Assignment
Up through the line that contains "X112202524Y-70315681D01*", retype the entries exactly, beginning at the very first line.

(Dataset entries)
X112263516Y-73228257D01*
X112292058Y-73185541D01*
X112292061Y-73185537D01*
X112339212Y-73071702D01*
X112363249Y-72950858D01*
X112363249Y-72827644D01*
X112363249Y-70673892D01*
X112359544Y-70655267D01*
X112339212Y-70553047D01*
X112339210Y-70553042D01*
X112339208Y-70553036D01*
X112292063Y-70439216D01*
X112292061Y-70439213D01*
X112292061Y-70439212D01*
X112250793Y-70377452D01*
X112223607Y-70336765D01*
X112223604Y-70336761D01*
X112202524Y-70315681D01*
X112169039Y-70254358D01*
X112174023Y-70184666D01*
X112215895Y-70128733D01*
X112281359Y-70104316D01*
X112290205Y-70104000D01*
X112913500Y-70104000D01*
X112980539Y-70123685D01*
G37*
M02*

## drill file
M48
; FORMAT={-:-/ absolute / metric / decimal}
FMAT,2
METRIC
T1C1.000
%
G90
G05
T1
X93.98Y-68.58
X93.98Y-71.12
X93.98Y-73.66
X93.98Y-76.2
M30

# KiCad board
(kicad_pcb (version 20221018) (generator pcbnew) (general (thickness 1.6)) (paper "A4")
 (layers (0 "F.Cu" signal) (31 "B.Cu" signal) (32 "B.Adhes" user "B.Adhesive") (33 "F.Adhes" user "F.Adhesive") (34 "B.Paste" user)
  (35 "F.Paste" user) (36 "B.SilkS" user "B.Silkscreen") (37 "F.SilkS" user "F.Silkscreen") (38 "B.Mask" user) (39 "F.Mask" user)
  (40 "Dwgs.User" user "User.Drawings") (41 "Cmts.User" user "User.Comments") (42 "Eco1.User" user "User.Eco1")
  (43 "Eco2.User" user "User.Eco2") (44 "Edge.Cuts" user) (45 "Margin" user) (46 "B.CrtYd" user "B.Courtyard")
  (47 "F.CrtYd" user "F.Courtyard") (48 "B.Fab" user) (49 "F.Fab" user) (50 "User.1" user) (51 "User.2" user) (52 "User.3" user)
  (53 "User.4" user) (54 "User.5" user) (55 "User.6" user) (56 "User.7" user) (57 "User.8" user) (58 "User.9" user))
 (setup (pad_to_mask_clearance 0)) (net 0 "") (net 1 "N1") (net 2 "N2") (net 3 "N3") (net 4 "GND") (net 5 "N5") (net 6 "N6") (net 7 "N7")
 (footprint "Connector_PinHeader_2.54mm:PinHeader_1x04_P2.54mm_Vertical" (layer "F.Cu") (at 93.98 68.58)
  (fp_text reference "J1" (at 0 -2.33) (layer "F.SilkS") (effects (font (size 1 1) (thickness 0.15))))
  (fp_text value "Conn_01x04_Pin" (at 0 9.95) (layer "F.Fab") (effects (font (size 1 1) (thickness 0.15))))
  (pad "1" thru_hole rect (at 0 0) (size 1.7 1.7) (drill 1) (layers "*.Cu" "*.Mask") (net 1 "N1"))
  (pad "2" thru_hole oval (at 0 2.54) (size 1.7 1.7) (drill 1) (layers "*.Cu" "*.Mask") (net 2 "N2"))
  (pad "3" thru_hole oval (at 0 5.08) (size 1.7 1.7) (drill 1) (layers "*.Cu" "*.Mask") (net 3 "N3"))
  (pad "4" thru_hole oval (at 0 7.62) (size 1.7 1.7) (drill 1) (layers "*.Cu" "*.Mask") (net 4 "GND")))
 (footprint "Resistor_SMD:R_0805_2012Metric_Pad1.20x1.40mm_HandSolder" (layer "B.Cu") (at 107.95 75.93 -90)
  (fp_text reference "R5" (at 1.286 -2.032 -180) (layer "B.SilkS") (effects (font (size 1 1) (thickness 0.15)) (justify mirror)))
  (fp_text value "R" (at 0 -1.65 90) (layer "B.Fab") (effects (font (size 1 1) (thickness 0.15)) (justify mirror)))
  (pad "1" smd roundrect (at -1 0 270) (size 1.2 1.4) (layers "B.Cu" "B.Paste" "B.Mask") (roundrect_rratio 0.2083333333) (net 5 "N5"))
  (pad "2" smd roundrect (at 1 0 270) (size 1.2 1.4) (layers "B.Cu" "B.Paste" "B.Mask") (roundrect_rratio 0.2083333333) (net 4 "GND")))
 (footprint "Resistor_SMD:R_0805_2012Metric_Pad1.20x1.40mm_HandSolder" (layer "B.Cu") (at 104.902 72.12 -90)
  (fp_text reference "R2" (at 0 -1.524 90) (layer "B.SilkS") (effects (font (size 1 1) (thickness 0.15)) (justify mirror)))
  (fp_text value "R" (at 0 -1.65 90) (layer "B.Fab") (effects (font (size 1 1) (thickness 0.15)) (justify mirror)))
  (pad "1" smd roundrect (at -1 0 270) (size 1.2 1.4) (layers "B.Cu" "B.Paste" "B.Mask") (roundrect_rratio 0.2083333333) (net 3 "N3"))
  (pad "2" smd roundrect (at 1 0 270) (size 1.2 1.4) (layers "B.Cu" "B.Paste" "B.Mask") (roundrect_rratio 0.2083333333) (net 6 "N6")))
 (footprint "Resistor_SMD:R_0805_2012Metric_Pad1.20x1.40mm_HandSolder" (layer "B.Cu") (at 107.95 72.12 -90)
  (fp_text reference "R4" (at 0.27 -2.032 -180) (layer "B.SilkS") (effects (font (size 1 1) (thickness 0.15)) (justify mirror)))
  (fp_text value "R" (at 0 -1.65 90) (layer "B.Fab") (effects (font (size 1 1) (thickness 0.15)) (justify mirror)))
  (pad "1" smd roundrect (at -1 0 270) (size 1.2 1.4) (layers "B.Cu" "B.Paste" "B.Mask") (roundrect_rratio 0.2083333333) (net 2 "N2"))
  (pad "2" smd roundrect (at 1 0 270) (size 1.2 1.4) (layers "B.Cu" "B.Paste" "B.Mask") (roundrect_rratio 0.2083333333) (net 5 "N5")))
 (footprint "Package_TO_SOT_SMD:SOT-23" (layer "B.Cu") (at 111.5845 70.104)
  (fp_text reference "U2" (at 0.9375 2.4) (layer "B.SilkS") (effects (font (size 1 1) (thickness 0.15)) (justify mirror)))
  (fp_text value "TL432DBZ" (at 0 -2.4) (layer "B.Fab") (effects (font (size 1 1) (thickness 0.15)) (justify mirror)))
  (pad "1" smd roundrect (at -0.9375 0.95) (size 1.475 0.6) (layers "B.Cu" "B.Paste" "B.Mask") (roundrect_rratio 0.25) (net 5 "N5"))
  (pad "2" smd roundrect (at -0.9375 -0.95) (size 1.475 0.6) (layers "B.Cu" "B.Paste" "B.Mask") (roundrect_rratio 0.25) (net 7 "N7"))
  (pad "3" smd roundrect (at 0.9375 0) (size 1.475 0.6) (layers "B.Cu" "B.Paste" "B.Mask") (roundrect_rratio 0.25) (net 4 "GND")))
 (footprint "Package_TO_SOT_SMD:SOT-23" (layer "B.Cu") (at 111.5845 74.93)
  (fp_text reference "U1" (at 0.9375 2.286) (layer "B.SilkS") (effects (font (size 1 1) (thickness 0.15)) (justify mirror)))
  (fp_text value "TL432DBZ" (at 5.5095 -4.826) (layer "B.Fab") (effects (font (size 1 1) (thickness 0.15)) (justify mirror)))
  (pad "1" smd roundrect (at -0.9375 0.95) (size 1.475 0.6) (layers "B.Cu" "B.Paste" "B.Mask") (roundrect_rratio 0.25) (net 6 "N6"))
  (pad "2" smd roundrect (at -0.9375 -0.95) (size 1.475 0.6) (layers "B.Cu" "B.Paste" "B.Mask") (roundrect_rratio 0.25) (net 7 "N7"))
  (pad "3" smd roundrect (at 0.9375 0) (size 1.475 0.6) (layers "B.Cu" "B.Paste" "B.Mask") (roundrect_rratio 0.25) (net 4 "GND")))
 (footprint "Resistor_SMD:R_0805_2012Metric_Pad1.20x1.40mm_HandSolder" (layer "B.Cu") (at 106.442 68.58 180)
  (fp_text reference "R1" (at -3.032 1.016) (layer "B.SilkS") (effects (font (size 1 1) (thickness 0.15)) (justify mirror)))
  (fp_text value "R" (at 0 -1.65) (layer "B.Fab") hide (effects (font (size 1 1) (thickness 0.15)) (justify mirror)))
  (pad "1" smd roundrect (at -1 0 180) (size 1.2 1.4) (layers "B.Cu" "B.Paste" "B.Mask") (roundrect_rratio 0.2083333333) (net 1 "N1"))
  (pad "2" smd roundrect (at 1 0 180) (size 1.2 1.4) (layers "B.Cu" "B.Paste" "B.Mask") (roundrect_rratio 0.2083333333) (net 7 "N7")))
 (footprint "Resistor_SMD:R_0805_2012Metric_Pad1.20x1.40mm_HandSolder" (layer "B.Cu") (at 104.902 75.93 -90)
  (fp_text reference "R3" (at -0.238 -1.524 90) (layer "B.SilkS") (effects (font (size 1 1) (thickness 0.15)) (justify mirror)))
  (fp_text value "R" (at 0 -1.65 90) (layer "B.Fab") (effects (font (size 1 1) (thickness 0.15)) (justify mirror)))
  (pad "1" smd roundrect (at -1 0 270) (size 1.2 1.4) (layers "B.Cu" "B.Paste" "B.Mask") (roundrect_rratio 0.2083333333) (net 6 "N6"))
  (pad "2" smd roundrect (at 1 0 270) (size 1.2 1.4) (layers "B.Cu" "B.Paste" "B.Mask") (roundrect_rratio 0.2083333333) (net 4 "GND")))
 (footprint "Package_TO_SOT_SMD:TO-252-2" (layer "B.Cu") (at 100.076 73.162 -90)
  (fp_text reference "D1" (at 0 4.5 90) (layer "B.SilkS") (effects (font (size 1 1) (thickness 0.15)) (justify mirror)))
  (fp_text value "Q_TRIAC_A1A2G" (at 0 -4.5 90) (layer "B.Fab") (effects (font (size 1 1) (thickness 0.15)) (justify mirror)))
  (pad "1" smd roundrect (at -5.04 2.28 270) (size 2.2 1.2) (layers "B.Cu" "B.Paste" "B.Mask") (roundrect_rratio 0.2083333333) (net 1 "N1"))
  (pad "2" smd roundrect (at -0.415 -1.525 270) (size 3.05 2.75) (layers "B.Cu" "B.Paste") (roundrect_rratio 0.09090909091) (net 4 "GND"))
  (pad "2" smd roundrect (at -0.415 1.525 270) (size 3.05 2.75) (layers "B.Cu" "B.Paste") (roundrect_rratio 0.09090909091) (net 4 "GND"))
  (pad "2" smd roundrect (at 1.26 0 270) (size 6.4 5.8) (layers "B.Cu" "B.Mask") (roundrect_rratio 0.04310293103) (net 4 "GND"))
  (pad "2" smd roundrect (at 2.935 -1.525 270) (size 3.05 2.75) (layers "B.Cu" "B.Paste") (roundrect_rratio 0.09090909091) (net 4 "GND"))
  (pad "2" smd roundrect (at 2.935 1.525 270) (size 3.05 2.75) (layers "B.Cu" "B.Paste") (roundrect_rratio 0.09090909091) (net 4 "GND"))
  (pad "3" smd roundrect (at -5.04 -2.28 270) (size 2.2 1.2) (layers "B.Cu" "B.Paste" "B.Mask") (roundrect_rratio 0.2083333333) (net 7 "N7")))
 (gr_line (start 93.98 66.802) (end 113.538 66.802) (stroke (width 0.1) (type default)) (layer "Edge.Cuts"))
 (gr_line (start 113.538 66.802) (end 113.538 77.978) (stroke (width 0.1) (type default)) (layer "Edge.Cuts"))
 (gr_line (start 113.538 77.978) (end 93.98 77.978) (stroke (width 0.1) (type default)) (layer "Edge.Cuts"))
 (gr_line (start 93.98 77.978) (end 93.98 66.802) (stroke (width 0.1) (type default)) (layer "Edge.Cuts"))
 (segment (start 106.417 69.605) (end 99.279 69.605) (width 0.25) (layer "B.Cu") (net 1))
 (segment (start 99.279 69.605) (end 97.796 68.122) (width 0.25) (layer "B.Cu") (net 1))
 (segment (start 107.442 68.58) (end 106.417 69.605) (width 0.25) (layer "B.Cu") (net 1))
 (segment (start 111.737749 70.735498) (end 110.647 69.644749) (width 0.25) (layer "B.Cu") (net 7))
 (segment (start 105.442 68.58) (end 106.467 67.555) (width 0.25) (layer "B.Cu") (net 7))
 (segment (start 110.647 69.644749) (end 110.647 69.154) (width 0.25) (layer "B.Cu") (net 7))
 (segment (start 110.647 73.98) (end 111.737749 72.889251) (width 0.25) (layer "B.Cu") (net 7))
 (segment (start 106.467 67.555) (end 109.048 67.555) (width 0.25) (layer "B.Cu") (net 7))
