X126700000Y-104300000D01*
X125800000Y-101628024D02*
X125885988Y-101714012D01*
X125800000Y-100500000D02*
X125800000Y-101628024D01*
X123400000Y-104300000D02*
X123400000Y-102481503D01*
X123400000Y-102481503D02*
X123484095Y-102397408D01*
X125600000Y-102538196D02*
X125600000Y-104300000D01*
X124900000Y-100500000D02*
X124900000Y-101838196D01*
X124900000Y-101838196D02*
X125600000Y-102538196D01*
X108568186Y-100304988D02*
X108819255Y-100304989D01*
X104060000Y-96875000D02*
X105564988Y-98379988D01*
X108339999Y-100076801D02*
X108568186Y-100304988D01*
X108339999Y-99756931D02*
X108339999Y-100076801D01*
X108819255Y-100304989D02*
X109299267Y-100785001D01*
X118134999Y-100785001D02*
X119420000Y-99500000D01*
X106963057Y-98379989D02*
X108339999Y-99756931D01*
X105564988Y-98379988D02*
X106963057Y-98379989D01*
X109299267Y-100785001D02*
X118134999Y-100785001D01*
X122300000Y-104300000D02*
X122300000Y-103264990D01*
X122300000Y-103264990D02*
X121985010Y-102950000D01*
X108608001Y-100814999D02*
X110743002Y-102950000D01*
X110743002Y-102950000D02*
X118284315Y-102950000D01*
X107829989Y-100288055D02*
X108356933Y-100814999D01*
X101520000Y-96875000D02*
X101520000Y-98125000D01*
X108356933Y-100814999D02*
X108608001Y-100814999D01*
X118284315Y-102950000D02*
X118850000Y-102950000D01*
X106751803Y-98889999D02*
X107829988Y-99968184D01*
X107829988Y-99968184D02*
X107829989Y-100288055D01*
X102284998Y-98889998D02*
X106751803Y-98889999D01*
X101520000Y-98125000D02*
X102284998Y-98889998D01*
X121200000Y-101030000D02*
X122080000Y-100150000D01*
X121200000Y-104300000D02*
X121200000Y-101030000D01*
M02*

Task solution
X112263516Y-73228257D01*
X112292058Y-73185541D01*
X112292061Y-73185537D01*
X112339212Y-73071702D01*
X112363249Y-72950858D01*
X112363249Y-72827644D01*
X112363249Y-70673892D01*
X112359544Y-70655267D01*
X112339212Y-70553047D01*
X112339210Y-70553042D01*
X112339208Y-70553036D01*
X112292063Y-70439216D01*
X112292061Y-70439213D01*
X112292061Y-70439212D01*
X112250793Y-70377452D01*
X112223607Y-70336765D01*
X112223604Y-70336761D01*
X112202524Y-70315681D01*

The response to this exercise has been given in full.